ThisisBigBrother.com - UK TV Forums

ThisisBigBrother.com - UK TV Forums (https://www.thisisbigbrother.com/forums/index.php)
-   Serious Debates & News (https://www.thisisbigbrother.com/forums/forumdisplay.php?f=61)
-   -   male suicide on bbc earlier (https://www.thisisbigbrother.com/forums/showthread.php?t=275560)

Niamh. 15-04-2015 09:49 PM

Quote:

Originally Posted by the truth (Post 7702567)
you've said nothing to help them....as a mother id have thought youd be more passionate about fighting male suicide male mortality rates, men losing their children etc doesn't this concern you? I don't hate women despite your pernicious comments.. I do hate the way some behave , how little support they give men , how little they speak up for mens rights too , how unaccountable many are and how there are so many double standards


But you do generalise a lot about women in a very negative way which is the reason I think you hate women. You say I'm not concerned about family law concerning men yet if you scroll back through this thread you'll see you're forgetting that I agreed with you about that. My issue with how you approach the subject is that you seem to be blaming women solely for both this and male suicide rates when surely it's everyone's problem where this is concerned? Especially the countries governments and law makers

the truth 15-04-2015 10:01 PM

Quote:

Originally Posted by Niamh. (Post 7702617)
But you do generalise a lot about women in a very negative way which is the reason I think you hate women. You say I'm not concerned about family law concerning men yet if you scroll back through this thread you'll see you're forgetting that I agreed with you about that. My issue with how you approach the subject is that you seem to be blaming women solely for both this and male suicide rates when surely it's everyone's problem where this is concerned? Especially the countries governments and law makers

im talking about this country, though America and western sociesties seem to all have similar problems.......men have almost no male school teachers in junior school and none in infants....with no fathers millions have no male role model at all......women are frankly brainwashing kids into this mass feminist doctrine of male hate. its not only factually inaccurate, revisionist biased retelling of history. but its divisive and riddle with hate and lies. do I generalise , well yes, because ive barely met a woman alive who doesn't agree with the feminist movement and no women in power are doing a damn thing for men, especially suicidal men. as ive stated many times, men are not allowed to speak out or they will be wrongly labelled sexist mysoginist pigs..at which point they lose their jobs careers incomes homes and their kids and their families....im afraid this is the fate that awaits more and more men. men aren't allowed to do anything about it and women cant be bothered to do anything about it, so itll get worse and worse

Niamh. 15-04-2015 10:13 PM

There you go again blaming everything on women. As a woman myself I find it hard to have a reasonable discussion with you about this subject because all you do is insult women instead of focusing on the issue your discussing itself, I find it offensive to be lumped into the box you've put all women in

the truth 15-04-2015 10:27 PM

Quote:

Originally Posted by Niamh. (Post 7702669)
There you go again blaming everything on women. As a woman myself I find it hard to have a reasonable discussion with you about this subject because all you do is insult women instead of focusing on the issue your discussing itself, I find it offensive to be lumped into the box you've put all women in

I find it offensive that women have done nothing for men on these issues. ive been sworn at on this thread and called a mysoginstic pig etc im the one who should feel insulted. I am also insulted by your rather fickle attitude to the matter with your lols and inappropriate smileys......I suggest IF you actually cared about it, write to your mps oh and speak to your sons about the issue too

Ammi 16-04-2015 04:07 AM

..you're right, truth..this is a serious issue and something that should be addressed but you're somehow laying blame or cause to be with females..?..and the statistics don't say that..
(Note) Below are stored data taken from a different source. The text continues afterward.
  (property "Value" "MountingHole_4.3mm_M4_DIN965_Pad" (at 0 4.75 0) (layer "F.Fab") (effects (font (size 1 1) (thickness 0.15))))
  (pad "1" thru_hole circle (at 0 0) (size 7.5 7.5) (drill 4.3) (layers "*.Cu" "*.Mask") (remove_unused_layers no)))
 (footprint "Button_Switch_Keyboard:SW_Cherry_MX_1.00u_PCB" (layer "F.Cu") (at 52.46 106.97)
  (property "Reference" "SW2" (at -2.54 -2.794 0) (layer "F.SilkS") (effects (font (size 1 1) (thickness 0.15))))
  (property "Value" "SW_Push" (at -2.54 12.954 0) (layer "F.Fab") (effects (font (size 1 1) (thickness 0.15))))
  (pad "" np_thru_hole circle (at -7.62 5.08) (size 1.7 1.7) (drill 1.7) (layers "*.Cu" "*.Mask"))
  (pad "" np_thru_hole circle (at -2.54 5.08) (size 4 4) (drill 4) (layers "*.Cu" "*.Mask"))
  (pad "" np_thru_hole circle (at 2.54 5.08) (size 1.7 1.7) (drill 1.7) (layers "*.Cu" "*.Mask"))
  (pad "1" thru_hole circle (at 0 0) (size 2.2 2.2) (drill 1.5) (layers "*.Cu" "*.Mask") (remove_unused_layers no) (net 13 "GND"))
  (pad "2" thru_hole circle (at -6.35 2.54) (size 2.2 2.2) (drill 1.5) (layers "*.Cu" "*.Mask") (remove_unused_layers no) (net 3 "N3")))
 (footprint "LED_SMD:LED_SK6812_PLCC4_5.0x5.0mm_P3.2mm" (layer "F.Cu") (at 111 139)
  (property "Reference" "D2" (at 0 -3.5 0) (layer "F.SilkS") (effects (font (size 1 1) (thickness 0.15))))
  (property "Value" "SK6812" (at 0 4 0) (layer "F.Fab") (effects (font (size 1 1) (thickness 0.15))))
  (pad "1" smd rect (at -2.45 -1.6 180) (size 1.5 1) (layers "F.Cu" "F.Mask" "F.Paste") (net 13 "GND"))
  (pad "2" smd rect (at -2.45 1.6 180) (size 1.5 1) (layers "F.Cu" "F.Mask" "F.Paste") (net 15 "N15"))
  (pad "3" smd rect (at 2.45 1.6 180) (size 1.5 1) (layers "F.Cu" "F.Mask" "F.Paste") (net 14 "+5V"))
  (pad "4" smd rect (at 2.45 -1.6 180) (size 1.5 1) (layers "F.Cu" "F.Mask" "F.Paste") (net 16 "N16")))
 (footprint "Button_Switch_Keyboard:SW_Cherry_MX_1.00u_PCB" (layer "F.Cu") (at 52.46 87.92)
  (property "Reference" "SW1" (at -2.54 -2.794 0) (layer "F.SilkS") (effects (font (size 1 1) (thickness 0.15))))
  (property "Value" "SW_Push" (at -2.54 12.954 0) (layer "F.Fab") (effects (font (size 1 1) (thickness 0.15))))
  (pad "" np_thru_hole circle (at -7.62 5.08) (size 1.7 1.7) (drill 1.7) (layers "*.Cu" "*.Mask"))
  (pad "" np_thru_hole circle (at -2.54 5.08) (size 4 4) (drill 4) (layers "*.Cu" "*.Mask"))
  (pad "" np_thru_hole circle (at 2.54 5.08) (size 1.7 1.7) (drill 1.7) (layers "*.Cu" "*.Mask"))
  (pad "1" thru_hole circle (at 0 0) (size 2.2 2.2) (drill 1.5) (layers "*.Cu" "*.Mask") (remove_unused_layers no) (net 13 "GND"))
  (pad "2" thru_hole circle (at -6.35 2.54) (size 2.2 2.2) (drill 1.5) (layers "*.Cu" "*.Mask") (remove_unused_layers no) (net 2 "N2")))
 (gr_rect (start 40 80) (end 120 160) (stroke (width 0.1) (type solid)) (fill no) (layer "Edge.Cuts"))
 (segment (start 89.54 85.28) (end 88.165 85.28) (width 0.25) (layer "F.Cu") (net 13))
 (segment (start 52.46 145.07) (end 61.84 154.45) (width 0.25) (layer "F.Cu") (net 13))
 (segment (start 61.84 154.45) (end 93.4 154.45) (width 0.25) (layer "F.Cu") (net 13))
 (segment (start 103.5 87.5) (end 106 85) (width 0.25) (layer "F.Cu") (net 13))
Prof Louis Appleby, the chair of the National Suicide Prevention Advisory Group in England, said: “Men are more at risk of suicide because they are more likely to drink heavily, use self-harm methods that are more often fatal and are reluctant to seek help.

“Fifteen years ago the rates among men under 35 were brought down sharply by tackling these problems and we need to use this success to address the problems of the new highest risk group, middle-aged men.


...I do agree that with divorce/separation issues, fathers can often get a fairly rough deal but fathers can also leave their children so it's not a general thing..as can mothers leave their children as well..I had a friend/a female who committed suicide not that long ago and it made me aware of how little help and support there is in this country for mental health issues..I think that's something that has just got progressively worse and is in itself at crisis point or becoming so...I think that's where the focus should be with this and speaking to MPs etc about it and trying to raise awareness that this just can't go on...


..yeah, sometimes males get a bad deal in some areas and sometimes females get a bad deal in others, it really isn't a general thing with one sex or another...but really I do understand your frustration and there are so many areas with mental health issues that should be looked at..why not take those frustrations and the points you make and try to have them heard by the people who have the power to look at these problems/use them to raise awareness ....

Niamh. 16-04-2015 08:37 AM

Exactly Ammi. Also, I think it was Vicky who brought up the phrase "man up" , in my experience it's mainly men who use this to other men. It's not just women who put pressure on men, men often put pressure on other men and feel like it's "a womens thing" to talk about how they're feeling and seek help if they're feeling depressed. I don't understand how all the blame for mens mental health issues can be laid solely at womens feet.

And truth, I am extremely close to my son, why do you assume I don't talk to him about how he's feeling? Of course I do

AnnieK 16-04-2015 09:05 AM

Quote:

Originally Posted by the truth (Post 7702418)
ive never even seen sexism against women in my country? never....where I live women get the right to do everything...in work women wpout filth and speak about their private sex lives...men never EVER do that....women generalize about men all day every day...the women say nonsense like men are idiots men don't understand this or that....men could never do this job...all men are bastards etc etc it just goes on and on........even behind closed doors, ive never ever witnessed any man abuse any woman...though ive seen a lot of women steal from men, shout and verbally abuse men for years and years until in the end in some cases it reduced the men to dirt....that's what ive seen, that's real politics.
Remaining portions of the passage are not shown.